YOUR ASSIGNMENT ▸ Repeat every record exactly.

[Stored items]
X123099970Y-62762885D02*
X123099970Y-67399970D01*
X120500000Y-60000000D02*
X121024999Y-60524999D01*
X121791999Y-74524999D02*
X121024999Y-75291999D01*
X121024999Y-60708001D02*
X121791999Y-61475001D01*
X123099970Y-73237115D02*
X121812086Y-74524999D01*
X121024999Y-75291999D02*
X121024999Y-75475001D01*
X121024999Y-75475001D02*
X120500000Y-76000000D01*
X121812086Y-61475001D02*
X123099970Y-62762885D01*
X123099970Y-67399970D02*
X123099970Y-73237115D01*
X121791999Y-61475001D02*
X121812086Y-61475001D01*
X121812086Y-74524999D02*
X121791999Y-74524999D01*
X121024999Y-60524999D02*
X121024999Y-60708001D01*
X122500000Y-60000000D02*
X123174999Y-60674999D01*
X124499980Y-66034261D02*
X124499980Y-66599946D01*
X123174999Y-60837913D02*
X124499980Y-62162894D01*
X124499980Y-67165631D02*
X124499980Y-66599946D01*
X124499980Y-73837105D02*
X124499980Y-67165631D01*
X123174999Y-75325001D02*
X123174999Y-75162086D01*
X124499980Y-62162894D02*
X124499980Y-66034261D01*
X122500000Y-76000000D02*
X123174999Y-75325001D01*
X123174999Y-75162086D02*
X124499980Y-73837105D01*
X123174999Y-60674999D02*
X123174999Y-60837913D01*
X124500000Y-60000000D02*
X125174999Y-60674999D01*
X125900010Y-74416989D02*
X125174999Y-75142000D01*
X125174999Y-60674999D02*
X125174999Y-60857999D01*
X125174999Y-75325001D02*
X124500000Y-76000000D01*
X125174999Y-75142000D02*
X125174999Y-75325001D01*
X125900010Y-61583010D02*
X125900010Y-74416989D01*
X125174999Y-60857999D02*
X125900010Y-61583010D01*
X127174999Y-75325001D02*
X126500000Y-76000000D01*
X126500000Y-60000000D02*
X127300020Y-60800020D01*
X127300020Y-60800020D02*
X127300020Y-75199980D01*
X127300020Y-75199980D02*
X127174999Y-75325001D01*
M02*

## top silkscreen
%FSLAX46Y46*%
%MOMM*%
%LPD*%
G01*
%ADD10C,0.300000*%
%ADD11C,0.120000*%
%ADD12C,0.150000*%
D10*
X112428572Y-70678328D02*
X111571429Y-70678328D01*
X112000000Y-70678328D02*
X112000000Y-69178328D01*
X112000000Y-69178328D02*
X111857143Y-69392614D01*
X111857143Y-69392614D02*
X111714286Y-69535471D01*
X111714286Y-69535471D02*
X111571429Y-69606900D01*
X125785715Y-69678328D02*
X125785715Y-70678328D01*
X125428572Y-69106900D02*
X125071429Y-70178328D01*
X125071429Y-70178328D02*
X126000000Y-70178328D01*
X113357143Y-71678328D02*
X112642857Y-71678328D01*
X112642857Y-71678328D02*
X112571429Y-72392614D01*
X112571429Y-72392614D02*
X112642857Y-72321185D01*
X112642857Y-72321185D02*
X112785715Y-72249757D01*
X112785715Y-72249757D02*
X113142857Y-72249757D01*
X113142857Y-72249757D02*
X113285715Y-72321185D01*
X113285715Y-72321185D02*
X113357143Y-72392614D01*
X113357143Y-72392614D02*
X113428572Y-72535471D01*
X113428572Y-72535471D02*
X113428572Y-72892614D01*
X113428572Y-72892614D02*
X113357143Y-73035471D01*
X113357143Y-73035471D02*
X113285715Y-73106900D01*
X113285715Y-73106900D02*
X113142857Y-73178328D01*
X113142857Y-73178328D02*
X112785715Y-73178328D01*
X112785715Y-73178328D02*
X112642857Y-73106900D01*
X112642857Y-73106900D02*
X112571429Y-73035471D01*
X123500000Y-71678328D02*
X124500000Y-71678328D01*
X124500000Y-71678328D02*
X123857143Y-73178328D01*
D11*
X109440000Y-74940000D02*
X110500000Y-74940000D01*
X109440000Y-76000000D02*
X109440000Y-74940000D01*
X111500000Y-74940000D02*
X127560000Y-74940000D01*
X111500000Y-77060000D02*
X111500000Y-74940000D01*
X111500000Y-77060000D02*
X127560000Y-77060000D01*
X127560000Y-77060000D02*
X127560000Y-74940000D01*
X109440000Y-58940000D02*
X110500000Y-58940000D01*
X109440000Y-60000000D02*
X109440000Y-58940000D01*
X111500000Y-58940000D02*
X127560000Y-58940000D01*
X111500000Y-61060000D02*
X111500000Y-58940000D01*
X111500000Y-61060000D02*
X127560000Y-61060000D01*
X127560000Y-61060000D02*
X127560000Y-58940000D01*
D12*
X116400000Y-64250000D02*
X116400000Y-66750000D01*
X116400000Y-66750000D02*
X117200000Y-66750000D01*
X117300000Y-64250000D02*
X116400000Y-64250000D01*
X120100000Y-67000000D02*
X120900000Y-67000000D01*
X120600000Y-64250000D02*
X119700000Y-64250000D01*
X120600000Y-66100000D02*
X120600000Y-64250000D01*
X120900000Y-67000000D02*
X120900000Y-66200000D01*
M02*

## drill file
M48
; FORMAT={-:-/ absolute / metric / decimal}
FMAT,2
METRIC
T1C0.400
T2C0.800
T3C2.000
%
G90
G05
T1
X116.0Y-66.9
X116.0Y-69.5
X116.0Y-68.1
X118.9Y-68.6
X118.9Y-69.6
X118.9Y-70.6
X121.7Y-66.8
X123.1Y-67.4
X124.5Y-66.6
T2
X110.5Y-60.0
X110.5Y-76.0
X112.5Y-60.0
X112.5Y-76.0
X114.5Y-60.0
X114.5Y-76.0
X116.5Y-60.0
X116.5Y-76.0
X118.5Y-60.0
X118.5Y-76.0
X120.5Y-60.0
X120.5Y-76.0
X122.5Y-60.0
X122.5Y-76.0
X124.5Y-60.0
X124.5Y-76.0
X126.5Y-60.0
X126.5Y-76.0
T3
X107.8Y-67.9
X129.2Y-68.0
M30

SOLVED EXERCISE ▸
X123099970Y-62762885D02*
X123099970Y-67399970D01*
X120500000Y-60000000D02*
X121024999Y-60524999D01*
X121791999Y-74524999D02*
X121024999Y-75291999D01*
X121024999Y-60708001D02*
X121791999Y-61475001D01*
X123099970Y-73237115D02*
X121812086Y-74524999D01*
X121024999Y-75291999D02*
X121024999Y-75475001D01*
X121024999Y-75475001D02*
X120500000Y-76000000D01*
X121812086Y-61475001D02*
X123099970Y-62762885D01*
X123099970Y-67399970D02*
X123099970Y-73237115D01*
X121791999Y-61475001D02*
X121812086Y-61475001D01*
X121812086Y-74524999D02*
X121791999Y-74524999D01*
X121024999Y-60524999D02*
X121024999Y-60708001D01*
X122500000Y-60000000D02*
X123174999Y-60674999D01*
X124499980Y-66034261D02*
X124499980Y-66599946D01*
X123174999Y-60837913D02*
X124499980Y-62162894D01*
X124499980Y-67165631D02*
X124499980Y-66599946D01*
X124499980Y-73837105D02*
X124499980Y-67165631D01*
X123174999Y-75325001D02*
X123174999Y-75162086D01*
X124499980Y-62162894D02*
X124499980Y-66034261D01*
X122500000Y-76000000D02*
X123174999Y-75325001D01*
X123174999Y-75162086D02*
X124499980Y-73837105D01*
X123174999Y-60674999D02*
X123174999Y-60837913D01*
X124500000Y-60000000D02*
X125174999Y-60674999D01*
X125900010Y-74416989D02*
X125174999Y-75142000D01*
X125174999Y-60674999D02*
X125174999Y-60857999D01*
X125174999Y-75325001D02*
X124500000Y-76000000D01*
X125174999Y-75142000D02*
X125174999Y-75325001D01*
X125900010Y-61583010D02*
X125900010Y-74416989D01*
X125174999Y-60857999D02*
X125900010Y-61583010D01*
X127174999Y-75325001D02*
X126500000Y-76000000D01*
X126500000Y-60000000D02*
X127300020Y-60800020D01*
X127300020Y-60800020D02*
X127300020Y-75199980D01*
X127300020Y-75199980D02*
X127174999Y-75325001D01*
M02*

## top silkscreen
%FSLAX46Y46*%
%MOMM*%
%LPD*%
G01*
%ADD10C,0.300000*%
%ADD11C,0.120000*%
%ADD12C,0.150000*%
D10*
X112428572Y-70678328D02*
X111571429Y-70678328D01*
X112000000Y-70678328D02*
X112000000Y-69178328D01*
X112000000Y-69178328D02*
X111857143Y-69392614D01*
X111857143Y-69392614D02*
X111714286Y-69535471D01*
X111714286Y-69535471D02*
X111571429Y-69606900D01*
X125785715Y-69678328D02*
X125785715Y-70678328D01*
X125428572Y-69106900D02*
X125071429Y-70178328D01*
X125071429Y-70178328D02*
X126000000Y-70178328D01*
X113357143Y-71678328D02*
X112642857Y-71678328D01*
X112642857Y-71678328D02*
X112571429Y-72392614D01*
X112571429Y-72392614D02*
X112642857Y-72321185D01*
X112642857Y-72321185D02*
X112785715Y-72249757D01*
X112785715Y-72249757D02*
X113142857Y-72249757D01*
X113142857Y-72249757D02*
X113285715Y-72321185D01*
X113285715Y-72321185D02*
X113357143Y-72392614D01*
X113357143Y-72392614D02*
X113428572Y-72535471D01*
X113428572Y-72535471D02*
X113428572Y-72892614D01*
X113428572Y-72892614D02*
X113357143Y-73035471D01*
X113357143Y-73035471D02*
X113285715Y-73106900D01*
X113285715Y-73106900D02*
X113142857Y-73178328D01*
X113142857Y-73178328D02*
X112785715Y-73178328D01*
X112785715Y-73178328D02*
X112642857Y-73106900D01*
X112642857Y-73106900D02*
X112571429Y-73035471D01*
X123500000Y-71678328D02*
X124500000Y-71678328D01*
X124500000Y-71678328D02*
X123857143Y-73178328D01*
D11*
X109440000Y-74940000D02*
X110500000Y-74940000D01*
X109440000Y-76000000D02*
X109440000Y-74940000D01*
X111500000Y-74940000D02*
X127560000Y-74940000D01*
X111500000Y-77060000D02*
X111500000Y-74940000D01*
X111500000Y-77060000D02*
X127560000Y-77060000D01*
X127560000Y-77060000D02*
X127560000Y-74940000D01*
X109440000Y-58940000D02*
X110500000Y-58940000D01*
X109440000Y-60000000D02*
X109440000Y-58940000D01*
X111500000Y-58940000D02*
X127560000Y-58940000D01*
X111500000Y-61060000D02*
X111500000Y-58940000D01*
X111500000Y-61060000D02*
X127560000Y-61060000D01*
X127560000Y-61060000D02*
X127560000Y-58940000D01*
D12*
X116400000Y-64250000D02*
X116400000Y-66750000D01*
X116400000Y-66750000D02*
X117200000Y-66750000D01*
X117300000Y-64250000D02*
X116400000Y-64250000D01*
X120100000Y-67000000D02*
X120900000Y-67000000D01*
X120600000Y-64250000D02*
X119700000Y-64250000D01*
X120600000Y-66100000D02*
X120600000Y-64250000D01*
X120900000Y-67000000D02*
X120900000Y-66200000D01*
M02*

## drill file
M48
; FORMAT={-:-/ absolute / metric / decimal}
FMAT,2
METRIC
T1C0.400
T2C0.800
T3C2.000
%
G90
G05
T1
X116.0Y-66.9
X116.0Y-69.5
X116.0Y-68.1
X118.9Y-68.6
X118.9Y-69.6
X118.9Y-70.6
X121.7Y-66.8
X123.1Y-67.4
X124.5Y-66.6
T2
X110.5Y-60.0
X110.5Y-76.0
X112.5Y-60.0
X112.5Y-76.0
X114.5Y-60.0
X114.5Y-76.0
X116.5Y-60.0
X116.5Y-76.0
X118.5Y-60.0
X118.5Y-76.0
X120.5Y-60.0
X120.5Y-76.0
X122.5Y-60.0
X122.5Y-76.0
X124.5Y-60.0
X124.5Y-76.0
X126.5Y-60.0
X126.5Y-76.0
T3
X107.8Y-67.9
X129.2Y-68.0
M30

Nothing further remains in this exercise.